What is required:
The lines from the start of the records through the one containing "X116339600Y-63645000D03*" are to be transcribed exactly, and nothing else.

Stored data:

========

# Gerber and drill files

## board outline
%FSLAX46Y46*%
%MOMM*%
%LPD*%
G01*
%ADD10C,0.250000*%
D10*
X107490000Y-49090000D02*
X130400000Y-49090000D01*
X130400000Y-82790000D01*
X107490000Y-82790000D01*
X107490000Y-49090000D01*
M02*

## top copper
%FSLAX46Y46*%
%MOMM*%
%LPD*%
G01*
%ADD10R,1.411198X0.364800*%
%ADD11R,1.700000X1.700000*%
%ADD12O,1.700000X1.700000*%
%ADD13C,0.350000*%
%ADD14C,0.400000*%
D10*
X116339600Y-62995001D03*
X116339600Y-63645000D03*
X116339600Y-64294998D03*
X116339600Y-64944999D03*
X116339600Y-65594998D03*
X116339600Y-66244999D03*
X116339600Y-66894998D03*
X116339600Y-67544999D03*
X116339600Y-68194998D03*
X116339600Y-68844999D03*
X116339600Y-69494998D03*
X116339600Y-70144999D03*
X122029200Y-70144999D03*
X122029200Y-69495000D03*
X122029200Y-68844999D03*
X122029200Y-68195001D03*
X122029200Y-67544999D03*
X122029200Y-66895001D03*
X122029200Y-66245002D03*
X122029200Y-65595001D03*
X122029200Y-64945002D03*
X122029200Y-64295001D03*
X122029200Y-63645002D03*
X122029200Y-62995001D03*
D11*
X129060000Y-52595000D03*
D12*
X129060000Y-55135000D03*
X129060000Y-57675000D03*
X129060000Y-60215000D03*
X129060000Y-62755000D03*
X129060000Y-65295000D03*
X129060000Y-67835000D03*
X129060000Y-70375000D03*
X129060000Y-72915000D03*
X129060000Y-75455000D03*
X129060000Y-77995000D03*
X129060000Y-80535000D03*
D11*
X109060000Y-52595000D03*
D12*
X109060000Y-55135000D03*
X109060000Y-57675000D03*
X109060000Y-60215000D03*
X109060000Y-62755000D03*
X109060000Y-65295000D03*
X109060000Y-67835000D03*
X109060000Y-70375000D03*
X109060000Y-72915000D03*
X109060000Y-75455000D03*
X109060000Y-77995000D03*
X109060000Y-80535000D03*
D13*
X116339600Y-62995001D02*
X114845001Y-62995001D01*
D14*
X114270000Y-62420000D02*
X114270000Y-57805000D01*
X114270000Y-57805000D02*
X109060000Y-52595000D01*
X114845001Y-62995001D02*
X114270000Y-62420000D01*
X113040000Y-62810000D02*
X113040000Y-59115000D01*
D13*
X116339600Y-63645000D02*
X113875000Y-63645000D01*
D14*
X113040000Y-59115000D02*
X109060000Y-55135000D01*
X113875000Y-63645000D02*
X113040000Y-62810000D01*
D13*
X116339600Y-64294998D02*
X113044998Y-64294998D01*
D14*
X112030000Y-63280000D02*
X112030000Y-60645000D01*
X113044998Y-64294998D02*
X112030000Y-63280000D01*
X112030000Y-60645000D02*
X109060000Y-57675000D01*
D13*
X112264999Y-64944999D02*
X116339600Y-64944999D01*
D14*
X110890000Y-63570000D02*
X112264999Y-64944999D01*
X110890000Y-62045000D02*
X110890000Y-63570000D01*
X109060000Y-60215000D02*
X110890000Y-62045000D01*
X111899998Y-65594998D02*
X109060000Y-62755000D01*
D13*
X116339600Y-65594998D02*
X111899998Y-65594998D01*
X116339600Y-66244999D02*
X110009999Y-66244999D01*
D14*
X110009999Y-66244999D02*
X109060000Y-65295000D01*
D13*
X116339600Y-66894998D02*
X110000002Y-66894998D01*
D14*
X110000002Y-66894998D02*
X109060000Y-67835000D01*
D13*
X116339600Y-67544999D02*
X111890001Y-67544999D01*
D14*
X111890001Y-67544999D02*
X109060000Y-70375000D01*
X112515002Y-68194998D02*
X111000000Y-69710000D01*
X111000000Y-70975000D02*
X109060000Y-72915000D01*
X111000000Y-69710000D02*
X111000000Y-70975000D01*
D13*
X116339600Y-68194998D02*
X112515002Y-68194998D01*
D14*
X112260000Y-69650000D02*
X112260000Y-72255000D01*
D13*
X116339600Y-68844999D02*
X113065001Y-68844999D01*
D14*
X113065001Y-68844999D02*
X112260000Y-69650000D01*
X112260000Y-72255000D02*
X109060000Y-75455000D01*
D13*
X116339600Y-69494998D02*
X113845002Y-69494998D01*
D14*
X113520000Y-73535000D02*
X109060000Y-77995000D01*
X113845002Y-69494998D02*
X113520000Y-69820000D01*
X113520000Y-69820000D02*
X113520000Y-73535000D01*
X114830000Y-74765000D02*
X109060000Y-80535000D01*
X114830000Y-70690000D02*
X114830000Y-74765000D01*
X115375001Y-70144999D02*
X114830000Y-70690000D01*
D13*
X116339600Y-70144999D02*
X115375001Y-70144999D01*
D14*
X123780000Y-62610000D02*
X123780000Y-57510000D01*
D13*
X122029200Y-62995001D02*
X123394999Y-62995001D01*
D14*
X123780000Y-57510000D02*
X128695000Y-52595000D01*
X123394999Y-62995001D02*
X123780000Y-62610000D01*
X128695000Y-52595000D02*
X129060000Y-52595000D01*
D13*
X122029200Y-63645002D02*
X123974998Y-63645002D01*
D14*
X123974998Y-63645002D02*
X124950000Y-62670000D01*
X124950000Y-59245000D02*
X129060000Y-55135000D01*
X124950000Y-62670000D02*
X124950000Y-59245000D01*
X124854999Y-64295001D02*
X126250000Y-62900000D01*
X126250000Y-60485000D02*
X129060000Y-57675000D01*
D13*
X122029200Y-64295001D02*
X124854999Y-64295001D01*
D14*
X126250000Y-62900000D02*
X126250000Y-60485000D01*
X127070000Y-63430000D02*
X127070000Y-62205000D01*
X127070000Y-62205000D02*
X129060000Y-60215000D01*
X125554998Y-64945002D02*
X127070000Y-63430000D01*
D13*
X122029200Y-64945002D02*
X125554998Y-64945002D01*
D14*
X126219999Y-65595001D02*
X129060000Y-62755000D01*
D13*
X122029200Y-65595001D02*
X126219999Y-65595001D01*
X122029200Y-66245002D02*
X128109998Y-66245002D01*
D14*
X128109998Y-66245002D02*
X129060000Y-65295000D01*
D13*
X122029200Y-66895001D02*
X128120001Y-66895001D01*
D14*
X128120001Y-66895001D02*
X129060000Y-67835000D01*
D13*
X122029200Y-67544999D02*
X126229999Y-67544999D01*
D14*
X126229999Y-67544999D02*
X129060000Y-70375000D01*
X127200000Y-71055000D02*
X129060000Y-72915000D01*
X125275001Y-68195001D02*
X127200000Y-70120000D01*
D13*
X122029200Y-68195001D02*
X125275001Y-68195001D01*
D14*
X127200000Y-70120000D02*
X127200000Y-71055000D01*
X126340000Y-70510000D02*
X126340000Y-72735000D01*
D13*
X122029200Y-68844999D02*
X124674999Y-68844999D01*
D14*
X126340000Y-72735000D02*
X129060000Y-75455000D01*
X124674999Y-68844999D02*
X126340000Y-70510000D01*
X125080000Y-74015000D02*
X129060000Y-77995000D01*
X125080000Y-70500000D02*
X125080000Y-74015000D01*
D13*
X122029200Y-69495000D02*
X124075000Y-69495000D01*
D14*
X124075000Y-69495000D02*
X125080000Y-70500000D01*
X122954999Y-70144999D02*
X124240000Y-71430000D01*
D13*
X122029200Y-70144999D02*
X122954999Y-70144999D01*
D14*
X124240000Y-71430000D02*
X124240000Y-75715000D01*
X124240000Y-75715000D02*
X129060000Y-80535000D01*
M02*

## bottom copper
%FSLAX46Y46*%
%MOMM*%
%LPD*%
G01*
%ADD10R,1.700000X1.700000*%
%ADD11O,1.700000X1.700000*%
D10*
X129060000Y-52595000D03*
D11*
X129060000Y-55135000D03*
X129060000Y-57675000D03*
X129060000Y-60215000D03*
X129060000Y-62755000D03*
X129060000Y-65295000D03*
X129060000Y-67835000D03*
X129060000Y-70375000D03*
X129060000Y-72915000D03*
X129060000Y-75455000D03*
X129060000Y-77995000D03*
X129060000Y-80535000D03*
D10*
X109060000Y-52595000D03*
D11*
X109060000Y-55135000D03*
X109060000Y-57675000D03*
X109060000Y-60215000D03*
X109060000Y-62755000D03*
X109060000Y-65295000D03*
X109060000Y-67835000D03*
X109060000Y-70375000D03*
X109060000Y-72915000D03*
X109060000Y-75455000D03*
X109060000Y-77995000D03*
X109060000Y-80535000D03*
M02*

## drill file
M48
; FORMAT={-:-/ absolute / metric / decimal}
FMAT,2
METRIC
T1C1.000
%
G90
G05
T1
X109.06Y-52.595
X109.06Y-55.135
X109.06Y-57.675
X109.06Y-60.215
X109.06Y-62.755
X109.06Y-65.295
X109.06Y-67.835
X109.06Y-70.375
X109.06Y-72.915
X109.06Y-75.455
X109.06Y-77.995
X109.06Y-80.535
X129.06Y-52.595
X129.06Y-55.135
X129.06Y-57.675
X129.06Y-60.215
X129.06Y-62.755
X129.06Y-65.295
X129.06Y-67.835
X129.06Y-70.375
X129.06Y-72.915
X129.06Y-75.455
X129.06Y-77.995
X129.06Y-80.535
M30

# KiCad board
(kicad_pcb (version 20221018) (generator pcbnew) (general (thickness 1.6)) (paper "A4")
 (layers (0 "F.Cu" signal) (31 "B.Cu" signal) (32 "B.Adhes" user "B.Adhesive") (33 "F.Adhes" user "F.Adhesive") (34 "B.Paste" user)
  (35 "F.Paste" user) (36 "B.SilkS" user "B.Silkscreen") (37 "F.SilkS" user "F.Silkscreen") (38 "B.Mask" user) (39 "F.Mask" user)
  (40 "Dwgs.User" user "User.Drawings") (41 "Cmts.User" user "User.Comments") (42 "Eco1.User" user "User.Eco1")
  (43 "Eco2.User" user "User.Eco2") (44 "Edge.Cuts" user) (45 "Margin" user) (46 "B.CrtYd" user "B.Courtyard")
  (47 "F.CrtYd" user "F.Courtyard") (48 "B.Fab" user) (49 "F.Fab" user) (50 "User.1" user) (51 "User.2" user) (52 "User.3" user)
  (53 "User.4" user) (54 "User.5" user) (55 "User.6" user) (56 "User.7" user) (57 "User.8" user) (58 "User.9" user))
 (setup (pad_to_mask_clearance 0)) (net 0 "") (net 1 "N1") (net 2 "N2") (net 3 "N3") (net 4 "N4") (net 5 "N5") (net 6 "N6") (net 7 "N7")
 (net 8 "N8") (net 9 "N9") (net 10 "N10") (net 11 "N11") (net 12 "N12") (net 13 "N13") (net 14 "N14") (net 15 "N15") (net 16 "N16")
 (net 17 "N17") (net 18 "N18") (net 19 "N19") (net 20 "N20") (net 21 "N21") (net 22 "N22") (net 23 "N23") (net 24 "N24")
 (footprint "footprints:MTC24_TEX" (layer "F.Cu") (at 119.1844 66.57)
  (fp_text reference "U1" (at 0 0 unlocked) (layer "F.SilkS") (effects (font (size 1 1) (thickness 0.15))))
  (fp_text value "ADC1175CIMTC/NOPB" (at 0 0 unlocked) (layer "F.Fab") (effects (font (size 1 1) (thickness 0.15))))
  (pad "1" smd rect (at -2.8448 -3.574999) (size 1.411198 0.3648) (layers "F.Cu" "F.Paste" "F.Mask") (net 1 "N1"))
  (pad "2" smd rect (at -2.8448 -2.925) (size 1.411198 0.3648) (layers "F.Cu" "F.Paste" "F.Mask") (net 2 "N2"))
  (pad "3" smd rect (at -2.8448 -2.275002) (size 1.411198 0.3648) (layers "F.Cu" "F.Paste" "F.Mask") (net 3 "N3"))
  (pad "4" smd rect (at -2.8448 -1.625001) (size 1.411198 0.3648) (layers "F.Cu" "F.Paste" "F.Mask") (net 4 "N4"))
  (pad "5" smd rect (at -2.8448 -0.975002) (size 1.411198 0.3648) (layers "F.Cu" "F.Paste" "F.Mask") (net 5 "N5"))
  (pad "6" smd rect (at -2.8448 -0.325001) (size 1.411198 0.3648) (layers "F.Cu" "F.Paste" "F.Mask") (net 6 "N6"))
  (pad "7" smd rect (at -2.8448 0.324998) (size 1.411198 0.3648) (layers "F.Cu" "F.Paste" "F.Mask") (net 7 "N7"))
  (pad "8" smd rect (at -2.8448 0.974999) (size 1.411198 0.3648) (layers "F.Cu" "F.Paste" "F.Mask") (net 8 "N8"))
  (pad "9" smd rect (at -2.8448 1.624998) (size 1.411198 0.3648) (layers "F.Cu" "F.Paste" "F.Mask") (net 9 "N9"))
  (pad "10" smd rect (at -2.8448 2.274999) (size 1.411198 0.3648) (layers "F.Cu" "F.Paste" "F.Mask") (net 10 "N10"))
  (pad "11" smd rect (at -2.8448 2.924998) (size 1.411198 0.3648) (layers "F.Cu" "F.Paste" "F.Mask") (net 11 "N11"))
  (pad "12" smd rect (at -2.8448 3.574999) (size 1.411198 0.3648) (layers "F.Cu" "F.Paste" "F.Mask") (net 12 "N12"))
  (pad "13" smd rect (at 2.8448 3.574999) (size 1.411198 0.3648) (layers "F.Cu" "F.Paste" "F.Mask") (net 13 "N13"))
  (pad "14" smd rect (at 2.8448 2.925) (size 1.411198 0.3648) (layers "F.Cu" "F.Paste" "F.Mask") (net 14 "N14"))
  (pad "15" smd rect (at 2.8448 2.274999) (size 1.411198 0.3648) (layers "F.Cu" "F.Paste" "F.Mask") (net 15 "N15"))
  (pad "16" smd rect (at 2.8448 1.625001) (size 1.411198 0.3648) (layers "F.Cu" "F.Paste" "F.Mask") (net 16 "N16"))
  (pad "17" smd rect (at 2.8448 0.974999) (size 1.411198 0.3648) (layers "F.Cu" "F.Paste" "F.Mask") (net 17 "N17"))
  (pad "18" smd rect (at 2.8448 0.325001) (size 1.411198 0.3648) (layers "F.Cu" "F.Paste" "F.Mask") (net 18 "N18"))
  (pad "19" smd rect (at 2.8448 -0.324998) (size 1.411198 0.3648) (layers "F.Cu" "F.Paste" "F.Mask") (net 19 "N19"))
  (pad "20" smd rect (at 2.8448 -0.974999) (size 1.411198 0.3648) (layers "F.Cu" "F.Paste" "F.Mask") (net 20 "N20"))
  (pad "21" smd rect (at 2.8448 -1.624998) (size 1.411198 0.3648) (layers "F.Cu" "F.Paste" "F.Mask") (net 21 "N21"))
  (pad "22" smd rect (at 2.8448 -2.274999) (size 1.411198 0.3648) (layers "F.Cu" "F.Paste" "F.Mask") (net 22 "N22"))
  (pad "23" smd rect (at 2.8448 -2.924998) (size 1.411198 0.3648) (layers "F.Cu" "F.Paste" "F.Mask") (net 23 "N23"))
  (pad "24" smd rect (at 2.8448 -3.574999) (size 1.411198 0.3648) (layers "F.Cu" "F.Paste" "F.Mask") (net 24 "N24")))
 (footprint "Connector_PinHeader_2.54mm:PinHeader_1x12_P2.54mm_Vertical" (layer "F.Cu") (at 129.06 52.595)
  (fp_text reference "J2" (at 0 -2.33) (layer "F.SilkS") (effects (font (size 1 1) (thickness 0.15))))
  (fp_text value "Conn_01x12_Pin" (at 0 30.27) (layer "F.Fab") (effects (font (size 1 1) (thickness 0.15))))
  (pad "1" thru_hole rect (at 0 0) (size 1.7 1.7) (drill 1) (layers "*.Cu" "*.Mask") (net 24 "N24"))
  (pad "2" thru_hole oval (at 0 2.54) (size 1.7 1.7) (drill 1) (layers "*.Cu" "*.Mask") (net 23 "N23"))
  (pad "3" thru_hole oval (at 0 5.08) (size 1.7 1.7) (drill 1) (layers "*.Cu" "*.Mask") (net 22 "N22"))
  (pad "4" thru_hole oval (at 0 7.62) (size 1.7 1.7) (drill 1) (layers "*.Cu" "*.Mask") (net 21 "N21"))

========

Final answer:
# Gerber and drill files

## board outline
%FSLAX46Y46*%
%MOMM*%
%LPD*%
G01*
%ADD10C,0.250000*%
D10*
X107490000Y-49090000D02*
X130400000Y-49090000D01*
X130400000Y-82790000D01*
X107490000Y-82790000D01*
X107490000Y-49090000D01*
M02*

## top copper
%FSLAX46Y46*%
%MOMM*%
%LPD*%
G01*
%ADD10R,1.411198X0.364800*%
%ADD11R,1.700000X1.700000*%
%ADD12O,1.700000X1.700000*%
%ADD13C,0.350000*%
%ADD14C,0.400000*%
D10*
X116339600Y-62995001D03*
X116339600Y-63645000D03*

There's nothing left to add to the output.